_Work required:_ Starting at the top of the data and ending with the line that holds "X195580000Y-100203000D02*", transcribe each line exactly; include both ends.
Recorded information Block Start
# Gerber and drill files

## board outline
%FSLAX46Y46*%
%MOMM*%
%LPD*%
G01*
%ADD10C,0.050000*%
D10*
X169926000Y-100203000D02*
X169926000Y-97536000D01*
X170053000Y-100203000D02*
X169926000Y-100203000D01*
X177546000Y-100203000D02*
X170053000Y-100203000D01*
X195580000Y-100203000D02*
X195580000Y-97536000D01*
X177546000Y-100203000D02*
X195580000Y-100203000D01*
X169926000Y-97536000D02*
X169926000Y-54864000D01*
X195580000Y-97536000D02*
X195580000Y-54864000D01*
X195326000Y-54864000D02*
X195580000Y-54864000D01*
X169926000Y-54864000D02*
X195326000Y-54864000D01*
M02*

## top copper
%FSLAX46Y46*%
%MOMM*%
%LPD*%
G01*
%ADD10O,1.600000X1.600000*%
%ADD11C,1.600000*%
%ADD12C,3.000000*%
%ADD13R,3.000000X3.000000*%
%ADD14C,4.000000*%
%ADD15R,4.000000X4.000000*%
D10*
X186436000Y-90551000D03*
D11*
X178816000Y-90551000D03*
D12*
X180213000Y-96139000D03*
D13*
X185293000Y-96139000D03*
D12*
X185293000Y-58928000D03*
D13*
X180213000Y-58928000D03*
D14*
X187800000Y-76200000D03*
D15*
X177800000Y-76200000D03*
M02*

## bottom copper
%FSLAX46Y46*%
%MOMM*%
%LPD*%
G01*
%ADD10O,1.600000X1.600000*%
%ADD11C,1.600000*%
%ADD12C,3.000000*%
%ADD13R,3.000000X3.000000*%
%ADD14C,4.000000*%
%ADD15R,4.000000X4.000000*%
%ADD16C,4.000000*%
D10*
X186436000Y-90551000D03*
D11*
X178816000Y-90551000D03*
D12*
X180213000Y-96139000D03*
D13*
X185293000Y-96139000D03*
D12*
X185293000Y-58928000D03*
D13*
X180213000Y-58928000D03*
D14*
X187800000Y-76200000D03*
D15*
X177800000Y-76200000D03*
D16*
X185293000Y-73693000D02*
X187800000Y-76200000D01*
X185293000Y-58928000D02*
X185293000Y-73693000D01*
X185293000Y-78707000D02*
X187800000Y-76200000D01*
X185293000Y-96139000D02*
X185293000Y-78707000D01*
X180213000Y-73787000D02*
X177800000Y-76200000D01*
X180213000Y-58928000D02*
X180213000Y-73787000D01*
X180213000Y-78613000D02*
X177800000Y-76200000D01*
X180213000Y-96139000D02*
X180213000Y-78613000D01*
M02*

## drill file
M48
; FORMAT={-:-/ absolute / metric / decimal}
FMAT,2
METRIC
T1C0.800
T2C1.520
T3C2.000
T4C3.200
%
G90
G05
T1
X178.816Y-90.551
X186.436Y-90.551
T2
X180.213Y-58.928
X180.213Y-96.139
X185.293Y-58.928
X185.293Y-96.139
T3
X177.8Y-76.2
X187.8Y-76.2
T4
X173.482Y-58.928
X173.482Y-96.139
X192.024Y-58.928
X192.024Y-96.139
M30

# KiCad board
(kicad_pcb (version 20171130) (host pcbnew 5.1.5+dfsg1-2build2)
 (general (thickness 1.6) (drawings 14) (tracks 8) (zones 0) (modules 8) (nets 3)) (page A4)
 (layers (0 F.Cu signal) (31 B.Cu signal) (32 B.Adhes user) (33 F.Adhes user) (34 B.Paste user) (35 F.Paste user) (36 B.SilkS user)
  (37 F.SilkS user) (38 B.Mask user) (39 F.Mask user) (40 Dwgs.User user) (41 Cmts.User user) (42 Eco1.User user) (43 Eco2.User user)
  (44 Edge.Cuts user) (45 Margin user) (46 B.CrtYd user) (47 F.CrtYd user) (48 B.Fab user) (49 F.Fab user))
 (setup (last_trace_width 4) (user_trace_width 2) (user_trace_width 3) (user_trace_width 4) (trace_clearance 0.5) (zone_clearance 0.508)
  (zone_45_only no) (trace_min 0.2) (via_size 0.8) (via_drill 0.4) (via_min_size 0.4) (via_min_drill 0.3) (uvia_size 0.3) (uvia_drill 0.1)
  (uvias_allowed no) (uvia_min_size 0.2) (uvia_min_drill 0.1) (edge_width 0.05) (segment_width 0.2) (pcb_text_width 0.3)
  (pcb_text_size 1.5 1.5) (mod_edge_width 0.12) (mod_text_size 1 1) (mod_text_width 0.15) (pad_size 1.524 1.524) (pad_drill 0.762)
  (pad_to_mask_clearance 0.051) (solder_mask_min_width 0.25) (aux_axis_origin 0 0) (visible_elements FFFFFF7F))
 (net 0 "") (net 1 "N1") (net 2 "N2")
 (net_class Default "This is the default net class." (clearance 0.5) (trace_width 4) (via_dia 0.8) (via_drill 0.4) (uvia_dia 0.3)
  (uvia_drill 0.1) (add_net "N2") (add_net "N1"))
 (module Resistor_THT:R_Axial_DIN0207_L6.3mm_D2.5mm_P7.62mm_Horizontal (layer F.Cu) (at 178.816 90.551)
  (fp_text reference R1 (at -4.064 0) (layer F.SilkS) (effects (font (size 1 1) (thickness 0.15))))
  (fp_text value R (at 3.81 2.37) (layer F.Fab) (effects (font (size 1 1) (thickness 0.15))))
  (pad 2 thru_hole oval (at 7.62 0) (size 1.6 1.6) (drill 0.8) (layers *.Cu *.Mask) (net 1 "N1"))
  (pad 1 thru_hole circle (at 0 0) (size 1.6 1.6) (drill 0.8) (layers *.Cu *.Mask) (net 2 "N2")))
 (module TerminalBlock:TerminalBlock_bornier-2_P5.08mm (layer F.Cu) (at 185.293 96.139 180)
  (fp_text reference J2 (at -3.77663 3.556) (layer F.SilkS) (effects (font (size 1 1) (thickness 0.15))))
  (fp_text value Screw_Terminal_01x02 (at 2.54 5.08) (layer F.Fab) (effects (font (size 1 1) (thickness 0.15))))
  (pad 2 thru_hole circle (at 5.08 0 180) (size 3 3) (drill 1.52) (layers *.Cu *.Mask) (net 2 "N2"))
  (pad 1 thru_hole rect (at 0 0 180) (size 3 3) (drill 1.52) (layers *.Cu *.Mask) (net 1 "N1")))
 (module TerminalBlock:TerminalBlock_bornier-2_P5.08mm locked (layer F.Cu) (at 180.213 58.928)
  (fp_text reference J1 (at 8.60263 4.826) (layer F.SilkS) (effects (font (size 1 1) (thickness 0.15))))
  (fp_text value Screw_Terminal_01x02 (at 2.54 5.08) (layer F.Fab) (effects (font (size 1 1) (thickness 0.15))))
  (pad 2 thru_hole circle (at 5.08 0) (size 3 3) (drill 1.52) (layers *.Cu *.Mask) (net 1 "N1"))
  (pad 1 thru_hole rect (at 0 0) (size 3 3) (drill 1.52) (layers *.Cu *.Mask) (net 2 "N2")))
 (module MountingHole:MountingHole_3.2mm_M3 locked (layer F.Cu) (at 192.024 96.139)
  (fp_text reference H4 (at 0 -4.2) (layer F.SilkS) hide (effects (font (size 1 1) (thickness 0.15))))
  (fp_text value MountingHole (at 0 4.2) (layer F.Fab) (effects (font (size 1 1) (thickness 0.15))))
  (pad 1 np_thru_hole circle (at 0 0) (size 3.2 3.2) (drill 3.2) (layers *.Cu *.Mask)))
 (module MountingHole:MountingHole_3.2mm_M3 (layer F.Cu) (at 173.482 96.139)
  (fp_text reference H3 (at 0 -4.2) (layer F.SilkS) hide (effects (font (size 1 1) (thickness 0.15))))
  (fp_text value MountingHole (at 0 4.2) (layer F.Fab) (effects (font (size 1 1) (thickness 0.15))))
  (pad 1 np_thru_hole circle (at 0 0) (size 3.2 3.2) (drill 3.2) (layers *.Cu *.Mask)))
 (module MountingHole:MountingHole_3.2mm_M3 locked (layer F.Cu) (at 192.024 58.928)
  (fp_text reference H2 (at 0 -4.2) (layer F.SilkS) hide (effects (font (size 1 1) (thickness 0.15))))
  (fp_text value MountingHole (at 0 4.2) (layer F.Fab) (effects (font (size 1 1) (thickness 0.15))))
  (pad 1 np_thru_hole circle (at 0 0) (size 3.2 3.2) (drill 3.2) (layers *.Cu *.Mask)))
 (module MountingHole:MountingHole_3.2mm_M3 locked (layer F.Cu) (at 173.482 58.928)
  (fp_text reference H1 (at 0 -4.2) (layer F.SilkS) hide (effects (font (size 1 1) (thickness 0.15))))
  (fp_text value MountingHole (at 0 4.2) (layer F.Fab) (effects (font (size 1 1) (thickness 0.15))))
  (pad 1 np_thru_hole circle (at 0 0) (size 3.2 3.2) (drill 3.2) (layers *.Cu *.Mask)))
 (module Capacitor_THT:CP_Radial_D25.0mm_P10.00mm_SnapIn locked (layer F.Cu) (at 177.8 76.2)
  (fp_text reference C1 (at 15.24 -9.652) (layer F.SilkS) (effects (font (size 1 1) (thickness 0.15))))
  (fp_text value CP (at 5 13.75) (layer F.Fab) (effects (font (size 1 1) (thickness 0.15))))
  (pad 2 thru_hole circle (at 10 0) (size 4 4) (drill 2) (layers *.Cu *.Mask) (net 1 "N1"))
  (pad 1 thru_hole rect (at 0 0) (size 4 4) (drill 2) (layers *.Cu *.Mask) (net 2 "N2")))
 (gr_line (start 169.926 100.203) (end 169.926 97.536) (layer Edge.Cuts) (width 0.05))
 (gr_line (start 170.053 100.203) (end 169.926 100.203) (layer Edge.Cuts) (width 0.05))
 (gr_line (start 177.546 100.203) (end 170.053 100.203) (layer Edge.Cuts) (width 0.05))
 (gr_line (start 195.58 100.203) (end 195.58 97.536) (layer Edge.Cuts) (width 0.05))
 (gr_line (start 177.546 100.203) (end 195.58 100.203) (layer Edge.Cuts) (width 0.05))
 (gr_line (start 169.926 97.536) (end 169.926 54.864) (layer Edge.Cuts) (width 0.05))
 (gr_line (start 195.58 97.536) (end 195.58 54.864) (layer Edge.Cuts) (width 0.05))
 (gr_line (start 195.326 54.864) (end 195.58 54.864) (layer Edge.Cuts) (width 0.05))
 (gr_line (start 169.926 54.864) (end 195.326 54.864) (layer Edge.Cuts) (width 0.05))
 (segment (start 185.293 73.693) (end 187.8 76.2) (width 4) (layer B.Cu) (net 1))
 (segment (start 185.293 58.928) (end 185.293 73.693) (width 4) (layer B.Cu) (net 1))
 (segment (start 185.293 78.707) (end 187.8 76.2) (width 4) (layer B.Cu) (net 1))
 (segment (start 185.293 96.139) (end 185.293 78.707) (width 4) (layer B.Cu) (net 1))
 (segment (start 180.213 73.787) (end 177.8 76.2) (width 4) (layer B.Cu) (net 2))
 (segment (start 180.213 58.928) (end 180.213 73.787) (width 4) (layer B.Cu) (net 2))
 (segment (start 180.213 78.613) (end 177.8 76.2) (width 4) (layer B.Cu) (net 2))
 (segment (start 180.213 96.139) (end 180.213 78.613) (width 4) (layer B.Cu) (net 2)))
Recorded information Block End
_Worked solution:_
# Gerber and drill files

## board outline
%FSLAX46Y46*%
%MOMM*%
%LPD*%
G01*
%ADD10C,0.050000*%
D10*
X169926000Y-100203000D02*
X169926000Y-97536000D01*
X170053000Y-100203000D02*
X169926000Y-100203000D01*
X177546000Y-100203000D02*
X170053000Y-100203000D01*
X195580000Y-100203000D02*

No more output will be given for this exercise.